▸ **TASK REQUIREMENTS**:
Total the lines of the entries below that hold the string "front", then write only that total.

Saved data entries
------------------------------------------------------------------------

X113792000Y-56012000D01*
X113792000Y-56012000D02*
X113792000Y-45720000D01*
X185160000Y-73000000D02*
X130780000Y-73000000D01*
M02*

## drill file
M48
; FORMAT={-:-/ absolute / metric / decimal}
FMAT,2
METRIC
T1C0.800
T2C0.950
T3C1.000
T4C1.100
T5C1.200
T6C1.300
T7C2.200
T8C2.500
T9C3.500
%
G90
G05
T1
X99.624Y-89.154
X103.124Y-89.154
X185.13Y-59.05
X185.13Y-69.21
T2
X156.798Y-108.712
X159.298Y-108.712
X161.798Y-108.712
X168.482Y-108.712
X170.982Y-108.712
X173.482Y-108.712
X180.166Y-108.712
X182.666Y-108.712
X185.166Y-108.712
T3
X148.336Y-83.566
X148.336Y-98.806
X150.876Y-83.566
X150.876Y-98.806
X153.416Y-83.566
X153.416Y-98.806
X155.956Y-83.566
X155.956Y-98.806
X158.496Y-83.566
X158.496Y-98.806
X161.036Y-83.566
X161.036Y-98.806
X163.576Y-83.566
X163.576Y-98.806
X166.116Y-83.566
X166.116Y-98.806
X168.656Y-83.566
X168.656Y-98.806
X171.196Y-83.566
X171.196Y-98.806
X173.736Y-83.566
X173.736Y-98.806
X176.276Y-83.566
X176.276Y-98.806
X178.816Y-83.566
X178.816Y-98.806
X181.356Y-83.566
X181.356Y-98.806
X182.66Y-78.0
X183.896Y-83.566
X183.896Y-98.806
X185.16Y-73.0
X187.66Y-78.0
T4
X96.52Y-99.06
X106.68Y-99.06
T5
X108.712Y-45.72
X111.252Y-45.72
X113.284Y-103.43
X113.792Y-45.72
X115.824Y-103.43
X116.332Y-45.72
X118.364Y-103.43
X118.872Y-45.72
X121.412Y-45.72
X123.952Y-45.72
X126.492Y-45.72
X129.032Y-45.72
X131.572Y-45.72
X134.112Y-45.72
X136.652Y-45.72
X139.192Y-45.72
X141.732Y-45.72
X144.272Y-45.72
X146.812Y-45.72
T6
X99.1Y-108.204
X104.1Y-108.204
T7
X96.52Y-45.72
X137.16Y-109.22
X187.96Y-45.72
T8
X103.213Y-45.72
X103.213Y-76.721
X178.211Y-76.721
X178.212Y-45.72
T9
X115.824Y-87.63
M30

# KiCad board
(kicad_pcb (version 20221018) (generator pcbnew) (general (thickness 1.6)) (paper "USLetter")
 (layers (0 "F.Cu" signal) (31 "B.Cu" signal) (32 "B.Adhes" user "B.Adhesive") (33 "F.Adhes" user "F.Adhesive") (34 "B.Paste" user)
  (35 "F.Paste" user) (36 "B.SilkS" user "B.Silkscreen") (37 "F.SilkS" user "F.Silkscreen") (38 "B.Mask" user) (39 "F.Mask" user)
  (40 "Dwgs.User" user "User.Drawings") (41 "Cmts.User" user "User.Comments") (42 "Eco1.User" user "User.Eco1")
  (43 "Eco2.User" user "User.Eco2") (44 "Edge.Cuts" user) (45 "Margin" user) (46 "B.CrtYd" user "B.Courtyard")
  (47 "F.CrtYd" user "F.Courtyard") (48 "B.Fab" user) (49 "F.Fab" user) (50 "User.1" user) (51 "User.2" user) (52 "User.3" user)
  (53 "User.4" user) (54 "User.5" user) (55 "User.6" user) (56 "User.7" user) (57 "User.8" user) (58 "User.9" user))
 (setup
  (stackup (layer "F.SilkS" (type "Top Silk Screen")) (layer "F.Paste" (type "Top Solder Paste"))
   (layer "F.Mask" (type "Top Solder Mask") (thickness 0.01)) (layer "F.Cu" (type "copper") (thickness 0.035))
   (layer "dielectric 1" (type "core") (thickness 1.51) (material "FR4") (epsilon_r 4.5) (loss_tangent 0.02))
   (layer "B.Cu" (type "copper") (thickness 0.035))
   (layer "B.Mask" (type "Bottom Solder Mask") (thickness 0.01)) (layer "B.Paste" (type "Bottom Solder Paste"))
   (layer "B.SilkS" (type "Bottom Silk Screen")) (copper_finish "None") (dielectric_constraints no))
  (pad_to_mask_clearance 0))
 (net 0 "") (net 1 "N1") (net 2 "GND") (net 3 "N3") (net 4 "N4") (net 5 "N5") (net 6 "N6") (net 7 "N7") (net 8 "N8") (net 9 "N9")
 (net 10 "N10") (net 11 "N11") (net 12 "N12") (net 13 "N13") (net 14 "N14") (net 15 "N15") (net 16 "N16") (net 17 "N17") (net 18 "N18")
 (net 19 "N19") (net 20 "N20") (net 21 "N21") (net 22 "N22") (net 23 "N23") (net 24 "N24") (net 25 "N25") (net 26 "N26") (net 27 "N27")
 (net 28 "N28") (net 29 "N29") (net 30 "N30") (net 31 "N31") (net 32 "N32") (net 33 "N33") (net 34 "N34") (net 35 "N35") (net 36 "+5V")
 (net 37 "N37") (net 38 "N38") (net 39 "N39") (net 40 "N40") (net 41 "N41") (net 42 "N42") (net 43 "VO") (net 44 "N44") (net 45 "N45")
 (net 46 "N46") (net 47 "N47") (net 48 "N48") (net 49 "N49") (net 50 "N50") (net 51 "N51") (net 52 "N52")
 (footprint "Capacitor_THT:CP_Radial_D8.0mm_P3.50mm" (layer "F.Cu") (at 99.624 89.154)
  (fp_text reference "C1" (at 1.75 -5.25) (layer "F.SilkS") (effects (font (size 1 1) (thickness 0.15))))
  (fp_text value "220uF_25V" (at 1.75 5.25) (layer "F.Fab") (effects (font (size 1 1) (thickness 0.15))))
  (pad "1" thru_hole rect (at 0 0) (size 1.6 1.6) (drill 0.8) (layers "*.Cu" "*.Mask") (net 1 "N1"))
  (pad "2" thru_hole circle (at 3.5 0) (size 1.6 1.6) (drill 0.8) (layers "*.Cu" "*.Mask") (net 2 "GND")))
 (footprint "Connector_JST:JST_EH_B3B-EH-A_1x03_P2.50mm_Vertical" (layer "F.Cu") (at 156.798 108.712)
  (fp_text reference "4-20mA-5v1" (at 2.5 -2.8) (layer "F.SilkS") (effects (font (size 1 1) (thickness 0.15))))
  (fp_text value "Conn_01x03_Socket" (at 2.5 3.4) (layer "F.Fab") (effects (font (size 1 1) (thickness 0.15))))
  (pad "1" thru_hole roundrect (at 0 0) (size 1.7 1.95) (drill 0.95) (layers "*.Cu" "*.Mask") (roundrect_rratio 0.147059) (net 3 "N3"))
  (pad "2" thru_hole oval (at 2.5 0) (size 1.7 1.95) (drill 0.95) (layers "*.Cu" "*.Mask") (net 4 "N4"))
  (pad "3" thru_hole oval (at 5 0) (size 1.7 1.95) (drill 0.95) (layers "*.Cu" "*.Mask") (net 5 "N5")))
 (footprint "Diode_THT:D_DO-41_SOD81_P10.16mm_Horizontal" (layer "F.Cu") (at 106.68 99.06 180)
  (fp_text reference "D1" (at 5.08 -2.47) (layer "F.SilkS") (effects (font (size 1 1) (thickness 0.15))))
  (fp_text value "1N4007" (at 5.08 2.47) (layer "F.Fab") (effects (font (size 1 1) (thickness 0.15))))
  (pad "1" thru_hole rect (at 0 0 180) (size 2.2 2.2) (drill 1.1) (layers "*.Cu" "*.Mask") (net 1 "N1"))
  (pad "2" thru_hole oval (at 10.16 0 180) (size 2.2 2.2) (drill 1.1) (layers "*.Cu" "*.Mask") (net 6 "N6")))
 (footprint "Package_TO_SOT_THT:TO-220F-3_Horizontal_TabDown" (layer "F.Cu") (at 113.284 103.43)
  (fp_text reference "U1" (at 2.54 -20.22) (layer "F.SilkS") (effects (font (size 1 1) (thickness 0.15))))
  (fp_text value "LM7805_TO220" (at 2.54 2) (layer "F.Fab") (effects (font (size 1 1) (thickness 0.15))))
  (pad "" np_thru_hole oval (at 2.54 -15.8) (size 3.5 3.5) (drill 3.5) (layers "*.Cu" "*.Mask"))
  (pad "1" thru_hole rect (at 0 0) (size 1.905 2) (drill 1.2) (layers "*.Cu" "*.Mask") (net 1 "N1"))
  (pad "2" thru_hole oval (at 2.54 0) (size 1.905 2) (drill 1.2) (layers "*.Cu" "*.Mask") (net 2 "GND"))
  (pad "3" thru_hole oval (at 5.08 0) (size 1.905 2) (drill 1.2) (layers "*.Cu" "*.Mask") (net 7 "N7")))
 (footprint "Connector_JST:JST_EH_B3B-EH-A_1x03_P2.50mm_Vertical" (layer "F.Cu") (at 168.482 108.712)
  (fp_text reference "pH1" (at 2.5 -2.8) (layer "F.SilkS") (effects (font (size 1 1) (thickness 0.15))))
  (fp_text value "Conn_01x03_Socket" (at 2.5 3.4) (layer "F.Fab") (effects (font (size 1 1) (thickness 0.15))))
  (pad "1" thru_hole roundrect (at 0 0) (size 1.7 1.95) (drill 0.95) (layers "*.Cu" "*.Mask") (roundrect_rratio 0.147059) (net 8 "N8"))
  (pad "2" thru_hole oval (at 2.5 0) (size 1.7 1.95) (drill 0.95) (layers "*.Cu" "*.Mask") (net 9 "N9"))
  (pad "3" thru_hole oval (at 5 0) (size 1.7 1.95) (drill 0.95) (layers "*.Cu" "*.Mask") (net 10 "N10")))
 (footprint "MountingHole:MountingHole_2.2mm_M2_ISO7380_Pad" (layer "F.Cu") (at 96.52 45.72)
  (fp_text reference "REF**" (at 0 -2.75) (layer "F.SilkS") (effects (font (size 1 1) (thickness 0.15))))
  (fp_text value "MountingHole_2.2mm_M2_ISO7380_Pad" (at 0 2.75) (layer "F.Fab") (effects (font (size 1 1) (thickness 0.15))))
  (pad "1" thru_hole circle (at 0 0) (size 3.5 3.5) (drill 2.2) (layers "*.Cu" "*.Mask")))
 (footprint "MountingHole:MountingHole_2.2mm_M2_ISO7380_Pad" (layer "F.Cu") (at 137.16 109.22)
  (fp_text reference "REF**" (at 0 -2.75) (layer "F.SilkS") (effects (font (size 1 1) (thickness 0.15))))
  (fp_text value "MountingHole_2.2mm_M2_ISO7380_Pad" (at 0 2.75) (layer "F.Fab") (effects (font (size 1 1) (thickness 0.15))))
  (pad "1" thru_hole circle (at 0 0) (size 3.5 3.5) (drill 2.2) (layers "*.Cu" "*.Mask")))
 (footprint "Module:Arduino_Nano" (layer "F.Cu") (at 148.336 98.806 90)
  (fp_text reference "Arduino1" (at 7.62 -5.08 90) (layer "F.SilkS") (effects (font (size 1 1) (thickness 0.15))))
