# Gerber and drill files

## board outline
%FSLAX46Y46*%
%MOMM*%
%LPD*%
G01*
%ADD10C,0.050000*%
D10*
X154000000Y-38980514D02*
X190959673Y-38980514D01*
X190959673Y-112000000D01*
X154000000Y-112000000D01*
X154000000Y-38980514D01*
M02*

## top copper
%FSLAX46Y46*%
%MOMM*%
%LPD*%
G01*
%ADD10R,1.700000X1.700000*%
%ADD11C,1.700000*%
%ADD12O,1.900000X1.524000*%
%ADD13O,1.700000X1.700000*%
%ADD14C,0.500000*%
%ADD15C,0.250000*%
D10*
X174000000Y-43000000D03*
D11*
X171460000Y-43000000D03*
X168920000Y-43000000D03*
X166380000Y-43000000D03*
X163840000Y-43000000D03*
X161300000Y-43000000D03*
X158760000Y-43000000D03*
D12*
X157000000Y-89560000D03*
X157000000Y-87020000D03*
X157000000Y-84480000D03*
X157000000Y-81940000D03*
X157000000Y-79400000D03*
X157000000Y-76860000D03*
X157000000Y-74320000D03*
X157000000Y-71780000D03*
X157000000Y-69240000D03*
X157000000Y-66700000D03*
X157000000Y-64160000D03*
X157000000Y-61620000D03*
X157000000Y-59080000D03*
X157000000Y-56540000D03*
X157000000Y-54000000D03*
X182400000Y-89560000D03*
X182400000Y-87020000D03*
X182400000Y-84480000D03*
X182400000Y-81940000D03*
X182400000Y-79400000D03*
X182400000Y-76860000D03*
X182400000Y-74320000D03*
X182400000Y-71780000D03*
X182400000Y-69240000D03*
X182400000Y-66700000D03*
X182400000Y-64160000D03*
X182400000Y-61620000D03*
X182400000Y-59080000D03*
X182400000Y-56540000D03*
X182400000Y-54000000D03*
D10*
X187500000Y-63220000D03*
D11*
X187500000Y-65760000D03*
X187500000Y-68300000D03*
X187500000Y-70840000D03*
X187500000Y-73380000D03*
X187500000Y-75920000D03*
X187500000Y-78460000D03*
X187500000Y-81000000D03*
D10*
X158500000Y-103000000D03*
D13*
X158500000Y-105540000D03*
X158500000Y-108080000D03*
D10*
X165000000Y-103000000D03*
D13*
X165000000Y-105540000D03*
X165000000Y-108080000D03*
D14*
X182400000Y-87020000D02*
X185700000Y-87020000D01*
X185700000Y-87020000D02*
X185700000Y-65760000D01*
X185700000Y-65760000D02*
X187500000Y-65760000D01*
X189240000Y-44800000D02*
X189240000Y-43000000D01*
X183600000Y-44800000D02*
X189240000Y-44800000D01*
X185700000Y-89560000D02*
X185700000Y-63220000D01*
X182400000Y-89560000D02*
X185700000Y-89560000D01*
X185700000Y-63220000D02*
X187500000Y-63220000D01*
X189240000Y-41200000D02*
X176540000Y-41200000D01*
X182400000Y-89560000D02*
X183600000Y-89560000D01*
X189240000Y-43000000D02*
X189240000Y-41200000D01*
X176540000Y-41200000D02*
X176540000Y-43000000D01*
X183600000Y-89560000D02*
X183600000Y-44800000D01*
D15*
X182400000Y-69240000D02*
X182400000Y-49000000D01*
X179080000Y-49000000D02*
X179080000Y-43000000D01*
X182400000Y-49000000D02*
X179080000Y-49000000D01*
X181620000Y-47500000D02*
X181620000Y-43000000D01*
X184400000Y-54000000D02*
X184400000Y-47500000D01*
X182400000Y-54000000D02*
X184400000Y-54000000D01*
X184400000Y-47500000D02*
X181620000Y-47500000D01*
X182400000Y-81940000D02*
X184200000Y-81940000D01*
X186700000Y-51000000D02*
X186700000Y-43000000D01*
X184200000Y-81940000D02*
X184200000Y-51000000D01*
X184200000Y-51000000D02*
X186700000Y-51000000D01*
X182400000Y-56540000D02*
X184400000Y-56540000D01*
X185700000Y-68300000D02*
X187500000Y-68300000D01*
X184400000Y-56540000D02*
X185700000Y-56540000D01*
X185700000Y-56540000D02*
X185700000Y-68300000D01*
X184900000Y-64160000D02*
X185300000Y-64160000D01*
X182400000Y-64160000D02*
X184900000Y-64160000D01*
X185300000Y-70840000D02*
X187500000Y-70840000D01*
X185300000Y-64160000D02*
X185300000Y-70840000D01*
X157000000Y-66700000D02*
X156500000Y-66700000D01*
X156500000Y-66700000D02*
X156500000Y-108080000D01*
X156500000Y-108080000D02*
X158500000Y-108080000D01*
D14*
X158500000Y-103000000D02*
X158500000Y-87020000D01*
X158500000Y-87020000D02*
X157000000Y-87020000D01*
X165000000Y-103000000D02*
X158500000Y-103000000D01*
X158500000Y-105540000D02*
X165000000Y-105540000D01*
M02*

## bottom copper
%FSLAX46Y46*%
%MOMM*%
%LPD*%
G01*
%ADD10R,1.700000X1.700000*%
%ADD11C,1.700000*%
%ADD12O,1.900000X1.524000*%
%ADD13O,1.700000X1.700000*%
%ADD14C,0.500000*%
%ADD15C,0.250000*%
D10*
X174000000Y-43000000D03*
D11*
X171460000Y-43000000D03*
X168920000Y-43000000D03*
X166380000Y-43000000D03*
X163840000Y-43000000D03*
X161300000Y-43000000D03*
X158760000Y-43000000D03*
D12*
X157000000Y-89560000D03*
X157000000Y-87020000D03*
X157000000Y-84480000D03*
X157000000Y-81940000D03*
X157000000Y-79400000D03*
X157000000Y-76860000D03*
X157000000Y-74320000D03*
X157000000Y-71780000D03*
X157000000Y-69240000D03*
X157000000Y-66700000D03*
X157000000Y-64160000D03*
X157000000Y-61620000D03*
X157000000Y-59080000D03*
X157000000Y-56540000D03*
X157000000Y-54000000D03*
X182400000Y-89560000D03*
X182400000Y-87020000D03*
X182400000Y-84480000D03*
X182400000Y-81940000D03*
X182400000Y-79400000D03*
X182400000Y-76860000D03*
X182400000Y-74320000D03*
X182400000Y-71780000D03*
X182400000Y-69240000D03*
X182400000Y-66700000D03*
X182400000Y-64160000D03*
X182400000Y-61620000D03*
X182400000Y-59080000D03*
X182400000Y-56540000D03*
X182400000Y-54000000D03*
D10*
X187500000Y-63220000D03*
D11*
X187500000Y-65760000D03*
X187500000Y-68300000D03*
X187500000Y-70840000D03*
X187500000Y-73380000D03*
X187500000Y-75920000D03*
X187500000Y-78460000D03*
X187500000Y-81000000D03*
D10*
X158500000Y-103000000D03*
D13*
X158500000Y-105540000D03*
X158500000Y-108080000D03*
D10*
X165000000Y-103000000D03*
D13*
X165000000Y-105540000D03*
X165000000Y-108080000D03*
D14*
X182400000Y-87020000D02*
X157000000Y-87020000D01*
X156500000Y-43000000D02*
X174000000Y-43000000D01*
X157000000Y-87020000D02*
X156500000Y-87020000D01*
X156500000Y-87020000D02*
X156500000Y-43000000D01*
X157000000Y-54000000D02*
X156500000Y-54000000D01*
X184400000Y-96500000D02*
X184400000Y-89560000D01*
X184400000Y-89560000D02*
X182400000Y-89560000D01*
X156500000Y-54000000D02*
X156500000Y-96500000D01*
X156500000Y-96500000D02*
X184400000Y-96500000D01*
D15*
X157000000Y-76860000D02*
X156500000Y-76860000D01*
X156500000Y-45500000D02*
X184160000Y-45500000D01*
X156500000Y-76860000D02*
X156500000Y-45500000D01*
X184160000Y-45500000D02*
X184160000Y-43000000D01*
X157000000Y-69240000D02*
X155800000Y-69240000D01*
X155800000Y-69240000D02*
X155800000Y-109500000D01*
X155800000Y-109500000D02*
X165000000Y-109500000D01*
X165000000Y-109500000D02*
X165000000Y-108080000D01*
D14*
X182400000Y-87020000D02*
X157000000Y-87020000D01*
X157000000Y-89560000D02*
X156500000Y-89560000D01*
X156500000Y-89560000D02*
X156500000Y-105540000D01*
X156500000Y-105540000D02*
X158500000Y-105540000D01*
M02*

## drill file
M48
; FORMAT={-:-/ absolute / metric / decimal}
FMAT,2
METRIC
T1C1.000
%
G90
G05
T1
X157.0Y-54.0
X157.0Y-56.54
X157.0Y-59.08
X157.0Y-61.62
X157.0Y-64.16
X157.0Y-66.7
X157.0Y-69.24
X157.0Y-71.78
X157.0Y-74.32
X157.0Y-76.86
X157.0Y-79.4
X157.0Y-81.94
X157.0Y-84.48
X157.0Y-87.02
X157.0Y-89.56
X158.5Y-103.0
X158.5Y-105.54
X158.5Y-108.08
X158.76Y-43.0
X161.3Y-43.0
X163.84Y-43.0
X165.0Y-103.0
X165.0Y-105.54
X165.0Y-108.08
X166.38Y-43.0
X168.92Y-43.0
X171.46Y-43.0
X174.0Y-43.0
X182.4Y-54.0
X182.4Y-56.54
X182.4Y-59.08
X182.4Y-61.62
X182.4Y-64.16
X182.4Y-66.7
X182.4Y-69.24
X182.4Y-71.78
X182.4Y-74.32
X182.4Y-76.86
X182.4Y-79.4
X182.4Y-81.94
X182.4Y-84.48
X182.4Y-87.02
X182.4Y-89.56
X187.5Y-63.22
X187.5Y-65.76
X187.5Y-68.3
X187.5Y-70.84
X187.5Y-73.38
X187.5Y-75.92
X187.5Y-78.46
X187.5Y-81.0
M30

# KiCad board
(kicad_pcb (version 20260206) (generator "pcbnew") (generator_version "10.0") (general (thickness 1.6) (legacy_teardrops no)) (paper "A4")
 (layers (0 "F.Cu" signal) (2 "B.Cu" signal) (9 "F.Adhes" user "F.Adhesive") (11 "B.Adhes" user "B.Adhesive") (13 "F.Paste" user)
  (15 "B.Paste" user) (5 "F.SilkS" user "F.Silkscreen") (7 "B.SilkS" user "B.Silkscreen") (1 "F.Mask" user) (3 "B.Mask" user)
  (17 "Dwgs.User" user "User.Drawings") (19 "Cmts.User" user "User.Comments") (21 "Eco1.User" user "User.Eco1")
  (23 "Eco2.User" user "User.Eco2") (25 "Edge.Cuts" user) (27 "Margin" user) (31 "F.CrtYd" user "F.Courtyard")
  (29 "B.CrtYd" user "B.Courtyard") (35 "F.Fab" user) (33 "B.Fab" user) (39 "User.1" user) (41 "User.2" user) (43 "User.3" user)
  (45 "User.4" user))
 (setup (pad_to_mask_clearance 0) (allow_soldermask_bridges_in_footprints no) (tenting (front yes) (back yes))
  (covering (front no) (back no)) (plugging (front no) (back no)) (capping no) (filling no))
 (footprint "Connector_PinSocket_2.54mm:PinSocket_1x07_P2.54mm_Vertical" (layer "F.Cu") (at 174 43 -90)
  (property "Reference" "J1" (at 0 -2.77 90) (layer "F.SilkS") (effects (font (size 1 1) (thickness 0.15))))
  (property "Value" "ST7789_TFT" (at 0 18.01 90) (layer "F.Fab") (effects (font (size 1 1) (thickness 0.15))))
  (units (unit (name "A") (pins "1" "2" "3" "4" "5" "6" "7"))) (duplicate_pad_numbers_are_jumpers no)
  (pad "1" thru_hole rect (at 0 0 270) (size 1.7 1.7) (drill 1) (layers "*.Cu" "*.Mask") (remove_unused_layers no) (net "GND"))
  (pad "2" thru_hole circle (at 0 2.54 270) (size 1.7 1.7) (drill 1) (layers "*.Cu" "*.Mask") (remove_unused_layers no) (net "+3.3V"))
  (pad "3" thru_hole circle (at 0 5.08 270) (size 1.7 1.7) (drill 1) (layers "*.Cu" "*.Mask") (remove_unused_layers no) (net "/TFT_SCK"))
  (pad "4" thru_hole circle (at 0 7.62 270) (size 1.7 1.7) (drill 1) (layers "*.Cu" "*.Mask") (remove_unused_layers no) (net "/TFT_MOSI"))
  (pad "5" thru_hole circle (at 0 10.16 270) (size 1.7 1.7) (drill 1) (layers "*.Cu" "*.Mask") (remove_unused_layers no) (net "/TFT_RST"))
  (pad "6" thru_hole circle (at 0 12.7 270) (size 1.7 1.7) (drill 1) (layers "*.Cu" "*.Mask") (remove_unused_layers no) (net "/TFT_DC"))
  (pad "7" thru_hole circle (at 0 15.24 270) (size 1.7 1.7) (drill 1) (layers "*.Cu" "*.Mask") (remove_unused_layers no) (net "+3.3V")))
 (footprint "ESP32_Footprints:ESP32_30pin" (layer "F.Cu") (at 168.92754 72.540187)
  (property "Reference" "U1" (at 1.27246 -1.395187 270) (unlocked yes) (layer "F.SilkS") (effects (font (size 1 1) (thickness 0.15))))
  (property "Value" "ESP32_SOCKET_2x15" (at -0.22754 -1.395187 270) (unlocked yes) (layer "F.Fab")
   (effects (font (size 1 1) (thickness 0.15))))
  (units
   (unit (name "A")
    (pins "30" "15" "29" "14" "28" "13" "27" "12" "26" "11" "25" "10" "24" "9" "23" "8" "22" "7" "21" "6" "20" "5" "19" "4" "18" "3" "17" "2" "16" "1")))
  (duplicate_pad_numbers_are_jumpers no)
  (pad "1" thru_hole oval (at -11.92754 17.019813 270) (size 1.524 1.9) (drill 1) (layers "*.Cu" "*.Mask") (remove_unused_layers no)
   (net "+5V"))
  (pad "2" thru_hole oval (at -11.92754 14.479813 270) (size 1.524 1.9) (drill 1) (layers "*.Cu" "*.Mask") (remove_unused_layers no)
   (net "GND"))
  (pad "3" thru_hole oval (at -11.92754 11.939813 270) (size 1.524 1.9) (drill 1) (layers "*.Cu" "*.Mask") (remove_unused_layers no)
   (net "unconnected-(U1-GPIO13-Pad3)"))
  (pad "4" thru_hole oval (at -11.92754 9.399813 270) (size 1.524 1.9) (drill 1) (layers "*.Cu" "*.Mask") (remove_unused_layers no)
   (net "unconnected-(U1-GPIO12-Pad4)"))
  (pad "5" thru_hole oval (at -11.92754 6.859813 270) (size 1.524 1.9) (drill 1) (layers "*.Cu" "*.Mask") (remove_unused_layers no)
   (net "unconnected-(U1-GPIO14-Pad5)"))
  (pad "6" thru_hole oval (at -11.92754 4.319813 270) (size 1.524 1.9) (drill 1) (layers "*.Cu" "*.Mask") (remove_unused_layers no)
   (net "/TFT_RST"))
  (pad "7" thru_hole oval (at -11.92754 1.779813 270) (size 1.524 1.9) (drill 1) (layers "*.Cu" "*.Mask") (remove_unused_layers no)
   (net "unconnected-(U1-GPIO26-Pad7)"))
  (pad "8" thru_hole oval (at -11.92754 -0.760187 270) (size 1.524 1.9) (drill 1) (layers "*.Cu" "*.Mask") (remove_unused_layers no)
   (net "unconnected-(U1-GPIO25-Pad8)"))
  (pad "9" thru_hole oval (at -11.92754 -3.300187 270) (size 1.524 1.9) (drill 1) (layers "*.Cu" "*.Mask") (remove_unused_layers no)
   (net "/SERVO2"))
  (pad "10" thru_hole oval (at -11.92754 -5.840187 270) (size 1.524 1.9) (drill 1) (layers "*.Cu" "*.Mask") (remove_unused_layers no)
   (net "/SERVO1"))
  (pad "11" thru_hole oval (at -11.92754 -8.380187 270) (size 1.524 1.9) (drill 1) (layers "*.Cu" "*.Mask") (remove_unused_layers no)
   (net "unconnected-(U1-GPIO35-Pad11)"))
  (pad "12" thru_hole oval (at -11.92754 -10.920187 270) (size 1.524 1.9) (drill 1) (layers "*.Cu" "*.Mask") (remove_unused_layers no)
   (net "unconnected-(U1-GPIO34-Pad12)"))
  (pad "13" thru_hole oval (at -11.92754 -13.460187 270) (size 1.524 1.9) (drill 1) (layers "*.Cu" "*.Mask") (remove_unused_layers no)
   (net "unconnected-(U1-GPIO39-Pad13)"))
  (pad "14" thru_hole oval (at -11.92754 -16.000187 270) (size 1.524 1.9) (drill 1) (layers "*.Cu" "*.Mask") (remove_unused_layers no)
   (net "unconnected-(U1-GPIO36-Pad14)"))
  (pad "15" thru_hole oval (at -11.92754 -18.540187 270) (size 1.524 1.9) (drill 1) (layers "*.Cu" "*.Mask") (remove_unused_layers no)
   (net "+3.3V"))
  (pad "16" thru_hole oval (at 13.47246 17.019813 270) (size 1.524 1.9) (drill 1) (layers "*.Cu" "*.Mask") (remove_unused_layers no)
   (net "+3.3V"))
  (pad "17" thru_hole oval (at 13.47246 14.479813 270) (size 1.524 1.9) (drill 1) (layers "*.Cu" "*.Mask") (remove_unused_layers no)
   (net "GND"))
  (pad "18" thru_hole oval (at 13.47246 11.939813 270) (size 1.524 1.9) (drill 1) (layers "*.Cu" "*.Mask") (remove_unused_layers no)
   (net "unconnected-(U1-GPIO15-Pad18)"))
  (pad "19" thru_hole oval (at 13.47246 9.399813 270) (size 1.524 1.9) (drill 1) (layers "*.Cu" "*.Mask") (remove_unused_layers no)
   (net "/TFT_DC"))
  (pad "20" thru_hole oval (at 13.47246 6.859813 270) (size 1.524 1.9) (drill 1) (layers "*.Cu" "*.Mask" "Dwgs.User")
   (remove_unused_layers no) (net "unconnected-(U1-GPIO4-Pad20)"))
  (pad "21" thru_hole oval (at 13.47246 4.319813 270) (size 1.524 1.9) (drill 1) (layers "*.Cu" "*.Mask") (remove_unused_layers no)
   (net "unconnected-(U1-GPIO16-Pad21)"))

------------------------------------------------------------------------

▸ **FINISHED TASK**:
2